Hi there - I am getting water ingress into the habitation door itself on my Hymer 660S. It is damaging the wooden panel between the external cladding and the the interior of the door.... I have had the door checked for leaks but nothing showing.. my mechanic reckons it is coming in on the seals of the door handle which surprises me.. Has anyone else had that experience or any other suggestions as to what might cause this. The water does not come into the motorhome itself by the way .


----------



## backaxle (Nov 6, 2006)

I had this problem with my Autotrail upto 3 months ago and it stopped when I stopped using the hosepipe or pressure washer on the door and surrounding seal.It seems the pessure was forcing the water around the seals.If you use either try not to aim them at the seals.
(this is just from experience and may not be your problem at all though)
Backaxle.


----------



## backaxle (Nov 6, 2006)

I had this problem with my Autotrail upto 3 months ago and it stopped when I stopped using the hosepipe or pressure washer on the door and surrounding seal.It seems the pessure was forcing the water around the seals.If you use either try not to aim them at the seals.
(this is just from experience and may not be your problem at all though)
Backaxle.


----------



## Luke6525 (Nov 11, 2008)

backaxle said:


> I had this problem with my Autotrail upto 3 months ago and it stopped when I stopped using the hosepipe or pressure washer on the door and surrounding seal.It seems the pessure was forcing the water around the seals.If you use either try not to aim them at the seals.
> (this is just from experience and may not be your problem at all though)
> Backaxle.


Im afraid I dont wash it enough for that to be the problem! No it is just in heavy rain the water seems to get in between the outer cladding and is causing the door to slowy disintegrate! It might be the seals are just very weak after all the years.. but thanks for the reply!


----------



## Jezport (Jun 19, 2008)

backaxle said:


> I had this problem with my Autotrail upto 3 months ago and it stopped when I stopped using the hosepipe or pressure washer on the door and surrounding seal.It seems the pessure was forcing the water around the seals.If you use either try not to aim them at the seals.
> (this is just from experience and may not be your problem at all though)
> Backaxle.


It is not advisable to use a pressure washer on a motorhome, as it is very easy to force the sealant out of the seams, damage windows and vents etc.
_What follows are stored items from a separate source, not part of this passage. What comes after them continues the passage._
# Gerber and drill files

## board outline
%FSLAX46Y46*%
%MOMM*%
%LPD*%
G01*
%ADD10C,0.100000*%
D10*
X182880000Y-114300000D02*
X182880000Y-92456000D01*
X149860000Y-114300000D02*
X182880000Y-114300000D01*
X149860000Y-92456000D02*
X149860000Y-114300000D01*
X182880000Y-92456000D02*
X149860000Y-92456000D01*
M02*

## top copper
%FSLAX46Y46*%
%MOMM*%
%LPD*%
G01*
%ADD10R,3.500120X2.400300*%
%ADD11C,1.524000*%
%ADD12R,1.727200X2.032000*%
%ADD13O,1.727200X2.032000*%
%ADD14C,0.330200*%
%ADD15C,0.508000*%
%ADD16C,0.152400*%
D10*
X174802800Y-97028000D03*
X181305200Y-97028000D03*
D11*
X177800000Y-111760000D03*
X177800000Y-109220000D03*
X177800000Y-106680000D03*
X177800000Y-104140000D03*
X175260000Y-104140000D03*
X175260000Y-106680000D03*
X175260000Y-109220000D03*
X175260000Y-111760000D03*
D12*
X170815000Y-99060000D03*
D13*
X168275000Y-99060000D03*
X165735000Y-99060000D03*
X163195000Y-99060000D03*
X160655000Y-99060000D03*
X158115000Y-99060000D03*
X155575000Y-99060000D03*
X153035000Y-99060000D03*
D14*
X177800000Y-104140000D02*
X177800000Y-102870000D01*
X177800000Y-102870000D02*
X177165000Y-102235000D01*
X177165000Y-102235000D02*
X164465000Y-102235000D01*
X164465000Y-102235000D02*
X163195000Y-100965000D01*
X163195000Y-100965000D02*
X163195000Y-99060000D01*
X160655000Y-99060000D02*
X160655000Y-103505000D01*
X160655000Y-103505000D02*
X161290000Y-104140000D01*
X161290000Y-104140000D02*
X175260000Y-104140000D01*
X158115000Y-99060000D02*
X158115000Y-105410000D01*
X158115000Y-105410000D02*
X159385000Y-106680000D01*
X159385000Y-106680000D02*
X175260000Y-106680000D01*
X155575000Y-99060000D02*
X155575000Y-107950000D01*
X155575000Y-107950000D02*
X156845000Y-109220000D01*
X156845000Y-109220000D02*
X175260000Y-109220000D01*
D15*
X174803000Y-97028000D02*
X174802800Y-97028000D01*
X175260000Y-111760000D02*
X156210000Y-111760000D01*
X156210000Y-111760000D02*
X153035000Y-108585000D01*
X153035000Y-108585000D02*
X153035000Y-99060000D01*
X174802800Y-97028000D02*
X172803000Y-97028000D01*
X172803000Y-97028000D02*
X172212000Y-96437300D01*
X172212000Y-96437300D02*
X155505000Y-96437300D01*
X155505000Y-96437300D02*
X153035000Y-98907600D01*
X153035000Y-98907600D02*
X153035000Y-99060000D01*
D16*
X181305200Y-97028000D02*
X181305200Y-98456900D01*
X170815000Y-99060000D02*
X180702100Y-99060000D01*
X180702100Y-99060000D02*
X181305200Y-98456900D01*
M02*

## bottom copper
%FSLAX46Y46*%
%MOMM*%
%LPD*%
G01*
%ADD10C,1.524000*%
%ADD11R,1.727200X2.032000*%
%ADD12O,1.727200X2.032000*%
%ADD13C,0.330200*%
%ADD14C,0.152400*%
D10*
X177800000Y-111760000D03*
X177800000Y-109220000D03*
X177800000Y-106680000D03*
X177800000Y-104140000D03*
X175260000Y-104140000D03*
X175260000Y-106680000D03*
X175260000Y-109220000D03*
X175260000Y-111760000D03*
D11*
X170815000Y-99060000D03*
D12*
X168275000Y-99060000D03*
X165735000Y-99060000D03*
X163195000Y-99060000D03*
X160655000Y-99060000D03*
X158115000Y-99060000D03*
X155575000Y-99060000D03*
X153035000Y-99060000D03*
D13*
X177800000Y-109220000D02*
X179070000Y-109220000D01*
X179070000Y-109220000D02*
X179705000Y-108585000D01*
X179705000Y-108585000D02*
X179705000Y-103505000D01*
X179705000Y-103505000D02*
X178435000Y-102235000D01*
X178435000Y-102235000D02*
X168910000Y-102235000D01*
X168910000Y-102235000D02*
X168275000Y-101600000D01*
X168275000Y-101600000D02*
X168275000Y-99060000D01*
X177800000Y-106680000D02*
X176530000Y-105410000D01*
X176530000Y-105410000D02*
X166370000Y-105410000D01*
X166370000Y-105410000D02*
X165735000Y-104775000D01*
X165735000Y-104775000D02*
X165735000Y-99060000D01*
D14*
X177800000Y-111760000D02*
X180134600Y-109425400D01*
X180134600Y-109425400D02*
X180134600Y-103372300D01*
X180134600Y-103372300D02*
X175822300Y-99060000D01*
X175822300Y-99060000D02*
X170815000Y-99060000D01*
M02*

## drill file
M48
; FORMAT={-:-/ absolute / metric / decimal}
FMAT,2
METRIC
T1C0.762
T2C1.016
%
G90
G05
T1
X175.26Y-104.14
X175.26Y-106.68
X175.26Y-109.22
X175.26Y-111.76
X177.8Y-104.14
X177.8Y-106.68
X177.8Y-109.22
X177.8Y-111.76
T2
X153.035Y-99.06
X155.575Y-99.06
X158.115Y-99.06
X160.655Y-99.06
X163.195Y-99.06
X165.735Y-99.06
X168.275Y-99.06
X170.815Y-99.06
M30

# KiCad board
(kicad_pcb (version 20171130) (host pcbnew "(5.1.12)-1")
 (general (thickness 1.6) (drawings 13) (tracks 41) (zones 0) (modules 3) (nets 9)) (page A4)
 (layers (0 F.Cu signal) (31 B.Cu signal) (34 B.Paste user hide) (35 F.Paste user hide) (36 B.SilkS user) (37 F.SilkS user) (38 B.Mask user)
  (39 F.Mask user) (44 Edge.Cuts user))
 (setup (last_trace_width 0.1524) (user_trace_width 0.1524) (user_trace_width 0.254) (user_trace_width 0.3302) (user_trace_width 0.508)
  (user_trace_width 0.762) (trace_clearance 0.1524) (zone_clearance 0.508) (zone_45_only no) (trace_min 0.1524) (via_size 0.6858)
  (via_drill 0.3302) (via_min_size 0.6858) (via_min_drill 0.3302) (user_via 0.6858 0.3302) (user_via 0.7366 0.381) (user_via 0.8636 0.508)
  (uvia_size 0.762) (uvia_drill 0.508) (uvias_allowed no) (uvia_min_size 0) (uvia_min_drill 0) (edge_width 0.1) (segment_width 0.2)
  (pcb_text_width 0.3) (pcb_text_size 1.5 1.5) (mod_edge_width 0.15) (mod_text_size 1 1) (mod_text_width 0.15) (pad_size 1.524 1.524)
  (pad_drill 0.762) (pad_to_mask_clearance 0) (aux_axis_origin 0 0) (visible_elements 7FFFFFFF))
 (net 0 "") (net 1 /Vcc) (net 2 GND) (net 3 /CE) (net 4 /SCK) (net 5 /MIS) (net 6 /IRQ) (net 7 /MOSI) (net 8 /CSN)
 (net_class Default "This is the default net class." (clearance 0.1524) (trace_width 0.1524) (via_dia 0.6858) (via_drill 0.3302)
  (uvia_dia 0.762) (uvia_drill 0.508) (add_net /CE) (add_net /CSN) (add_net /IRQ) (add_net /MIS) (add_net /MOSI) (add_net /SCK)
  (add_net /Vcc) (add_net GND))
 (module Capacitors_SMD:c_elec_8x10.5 (layer F.Cu) (at 178.054 97.028 180)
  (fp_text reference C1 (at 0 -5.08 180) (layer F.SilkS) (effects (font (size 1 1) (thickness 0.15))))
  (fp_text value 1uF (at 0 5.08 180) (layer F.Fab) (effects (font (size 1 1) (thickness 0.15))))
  (pad 1 smd rect (at 3.2512 0 180) (size 3.50012 2.4003) (layers F.Cu F.Paste F.Mask) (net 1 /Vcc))
  (pad 2 smd rect (at -3.2512 0 180) (size 3.50012 2.4003) (layers F.Cu F.Paste F.Mask) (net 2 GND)))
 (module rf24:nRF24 (layer F.Cu) (at 170.18 109.22)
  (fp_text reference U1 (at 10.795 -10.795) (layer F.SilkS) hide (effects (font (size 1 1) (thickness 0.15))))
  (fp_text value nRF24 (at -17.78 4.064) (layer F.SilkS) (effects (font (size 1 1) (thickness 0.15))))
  (pad 0 thru_hole circle (at 7.62 2.54) (size 1.524 1.524) (drill 0.762) (layers *.Cu *.Mask F.SilkS) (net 2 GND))
  (pad 1 thru_hole circle (at 7.62 0) (size 1.524 1.524) (drill 0.762) (layers *.Cu *.Mask F.SilkS) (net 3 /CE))
  (pad 2 thru_hole circle (at 7.62 -2.54) (size 1.524 1.524) (drill 0.762) (layers *.Cu *.Mask F.SilkS) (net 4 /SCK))
  (pad 3 thru_hole circle (at 7.62 -5.08) (size 1.524 1.524) (drill 0.762) (layers *.Cu *.Mask F.SilkS) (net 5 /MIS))
  (pad 4 thru_hole circle (at 5.08 -5.08) (size 1.524 1.524) (drill 0.762) (layers *.Cu *.Mask F.SilkS) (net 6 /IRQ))
  (pad 5 thru_hole circle (at 5.08 -2.54) (size 1.524 1.524) (drill 0.762) (layers *.Cu *.Mask F.SilkS) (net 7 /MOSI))
  (pad 6 thru_hole circle (at 5.08 0) (size 1.524 1.524) (drill 0.762) (layers *.Cu *.Mask F.SilkS) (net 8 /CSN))
  (pad 7 thru_hole circle (at 5.08 2.54) (size 1.524 1.524) (drill 0.762) (layers *.Cu *.Mask F.SilkS) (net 1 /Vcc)))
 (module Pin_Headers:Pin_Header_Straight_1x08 (layer F.Cu) (at 170.815 99.06 270)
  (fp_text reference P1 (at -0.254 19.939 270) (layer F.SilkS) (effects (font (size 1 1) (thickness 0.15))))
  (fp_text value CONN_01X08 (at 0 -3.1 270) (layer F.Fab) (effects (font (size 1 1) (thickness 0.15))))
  (pad 1 thru_hole rect (at 0 0 270) (size 2.032 1.7272) (drill 1.016) (layers *.Cu *.Mask F.SilkS) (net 2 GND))
  (pad 2 thru_hole oval (at 0 2.54 270) (size 2.032 1.7272) (drill 1.016) (layers *.Cu *.Mask F.SilkS) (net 3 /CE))
  (pad 3 thru_hole oval (at 0 5.08 270) (size 2.032 1.7272) (drill 1.016) (layers *.Cu *.Mask F.SilkS) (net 4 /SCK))
  (pad 4 thru_hole oval (at 0 7.62 270) (size 2.032 1.7272) (drill 1.016) (layers *.Cu *.Mask F.SilkS) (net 5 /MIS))
  (pad 5 thru_hole oval (at 0 10.16 270) (size 2.032 1.7272) (drill 1.016) (layers *.Cu *.Mask F.SilkS) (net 6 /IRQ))
  (pad 6 thru_hole oval (at 0 12.7 270) (size 2.032 1.7272) (drill 1.016) (layers *.Cu *.Mask F.SilkS) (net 7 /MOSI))
  (pad 7 thru_hole oval (at 0 15.24 270) (size 2.032 1.7272) (drill 1.016) (layers *.Cu *.Mask F.SilkS) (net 8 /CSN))
  (pad 8 thru_hole oval (at 0 17.78 270) (size 2.032 1.7272) (drill 1.016) (layers *.Cu *.Mask F.SilkS) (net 1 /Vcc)))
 (gr_line (start 182.88 114.3) (end 182.88 92.456) (angle 90) (layer Edge.Cuts) (width 0.1))
 (gr_line (start 149.86 114.3) (end 182.88 114.3) (angle 90) (layer Edge.Cuts) (width 0.1))
 (gr_line (start 149.86 92.456) (end 149.86 114.3) (angle 90) (layer Edge.Cuts) (width 0.1))
 (gr_line (start 182.88 92.456) (end 149.86 92.456) (angle 90) (layer Edge.Cuts) (width 0.1))
 (segment (start 177.8 109.22) (end 179.07 109.22) (width 0.3302) (layer B.Cu) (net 3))
 (segment (start 179.07 109.22) (end 179.705 108.585) (width 0.3302) (layer B.Cu) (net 3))
 (segment (start 179.705 108.585) (end 179.705 103.505) (width 0.3302) (layer B.Cu) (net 3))
 (segment (start 179.705 103.505) (end 178.435 102.235) (width 0.3302) (layer B.Cu) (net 3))
 (segment (start 178.435 102.235) (end 168.91 102.235) (width 0.3302) (layer B.Cu) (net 3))
 (segment (start 168.91 102.235) (end 168.275 101.6) (width 0.3302) (layer B.Cu) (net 3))
 (segment (start 168.275 101.6) (end 168.275 99.06) (width 0.3302) (layer B.Cu) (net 3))
 (segment (start 177.8 106.68) (end 176.53 105.41) (width 0.3302) (layer B.Cu) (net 4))
 (segment (start 176.53 105.41) (end 166.37 105.41) (width 0.3302) (layer B.Cu) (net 4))
 (segment (start 166.37 105.41) (end 165.735 104.775) (width 0.3302) (layer B.Cu) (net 4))
 (segment (start 165.735 104.775) (end 165.735 99.06) (width 0.3302) (layer B.Cu) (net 4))
 (segment (start 177.8 104.14) (end 177.8 102.87) (width 0.3302) (layer F.Cu) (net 5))
 (segment (start 177.8 102.87) (end 177.165 102.235) (width 0.3302) (layer F.Cu) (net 5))
 (segment (start 177.165 102.235) (end 164.465 102.235) (width 0.3302) (layer F.Cu) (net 5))
 (segment (start 164.465 102.235) (end 163.195 100.965) (width 0.3302) (layer F.Cu) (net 5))
 (segment (start 163.195 100.965) (end 163.195 99.06) (width 0.3302) (layer F.Cu) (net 5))
 (segment (start 160.655 99.06) (end 160.655 103.505) (width 0.3302) (layer F.Cu) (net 6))
 (segment (start 160.655 103.505) (end 161.29 104.14) (width 0.3302) (layer F.Cu) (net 6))
 (segment (start 161.29 104.14) (end 175.26 104.14) (width 0.3302) (layer F.Cu) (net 6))
 (segment (start 158.115 99.06) (end 158.115 105.41) (width 0.3302) (layer F.Cu) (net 7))
 (segment (start 158.115 105.41) (end 159.385 106.68) (width 0.3302) (layer F.Cu) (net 7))
 (segment (start 159.385 106.68) (end 175.26 106.68) (width 0.3302) (layer F.Cu) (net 7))
 (segment (start 155.575 99.06) (end 155.575 107.95) (width 0.3302) (layer F.Cu) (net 8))
 (segment (start 155.575 107.95) (end 156.845 109.22) (width 0.3302) (layer F.Cu) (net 8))
 (segment (start 156.845 109.22) (end 175.26 109.22) (width 0.3302) (layer F.Cu) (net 8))
 (segment (start 174.803 97.028) (end 174.8028 97.028) (width 0.508) (layer F.Cu) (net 1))
 (segment (start 175.26 111.76) (end 156.21 111.76) (width 0.508) (layer F.Cu) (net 1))
 (segment (start 156.21 111.76) (end 153.035 108.585) (width 0.508) (layer F.Cu) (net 1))
 (segment (start 153.035 108.585) (end 153.035 99.06) (width 0.508) (layer F.Cu) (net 1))
 (segment (start 174.8028 97.028) (end 172.803 97.028) (width 0.508) (layer F.Cu) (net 1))
 (segment (start 172.803 97.028) (end 172.212 96.4373) (width 0.508) (layer F.Cu) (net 1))
 (segment (start 172.212 96.4373) (end 155.505 96.4373) (width 0.508) (layer F.Cu) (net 1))
 (segment (start 155.505 96.4373) (end 153.035 98.9076) (width 0.508) (layer F.Cu) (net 1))
 (segment (start 153.035 98.9076) (end 153.035 99.06) (width 0.508) (layer F.Cu) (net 1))
 (segment (start 177.8 111.76) (end 180.1346 109.4254) (width 0.1524) (layer B.Cu) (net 2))
 (segment (start 180.1346 109.4254) (end 180.1346 103.3723) (width 0.1524) (layer B.Cu) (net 2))
 (segment (start 180.1346 103.3723) (end 175.8223 99.06) (width 0.1524) (layer B.Cu) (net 2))
 (segment (start 175.8223 99.06) (end 170.815 99.06) (width 0.1524) (layer B.Cu) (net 2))
 (segment (start 181.3052 97.028) (end 181.3052 98.4569) (width 0.1524) (layer F.Cu) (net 2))
 (segment (start 170.815 99.06) (end 180.7021 99.06) (width 0.1524) (layer F.Cu) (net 2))
 (segment (start 180.7021 99.06) (end 181.3052 98.4569) (width 0.1524) (layer F.Cu) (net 2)))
When I valet motorhomes I do not use a pressure washer, just the right cleaning chemicals, water and a lot of elbow grease.


----------



## Luke6525 (Nov 11, 2008)

I dont use a pressure hose. This is a situation where the RAIN is getting into the door.. my guess is that it enters the seals of the door lock/handle


----------



## Jezport (Jun 19, 2008)

Clean round all the door seals with silicone spray, this will ensure they get a better seal and protect them.

Also, are you parked on the level? As motorhome bodies do flex, so you could find this causes some seals round doors to leak. Try turning the van round and parking the opposite way and see if it still leaks.


----------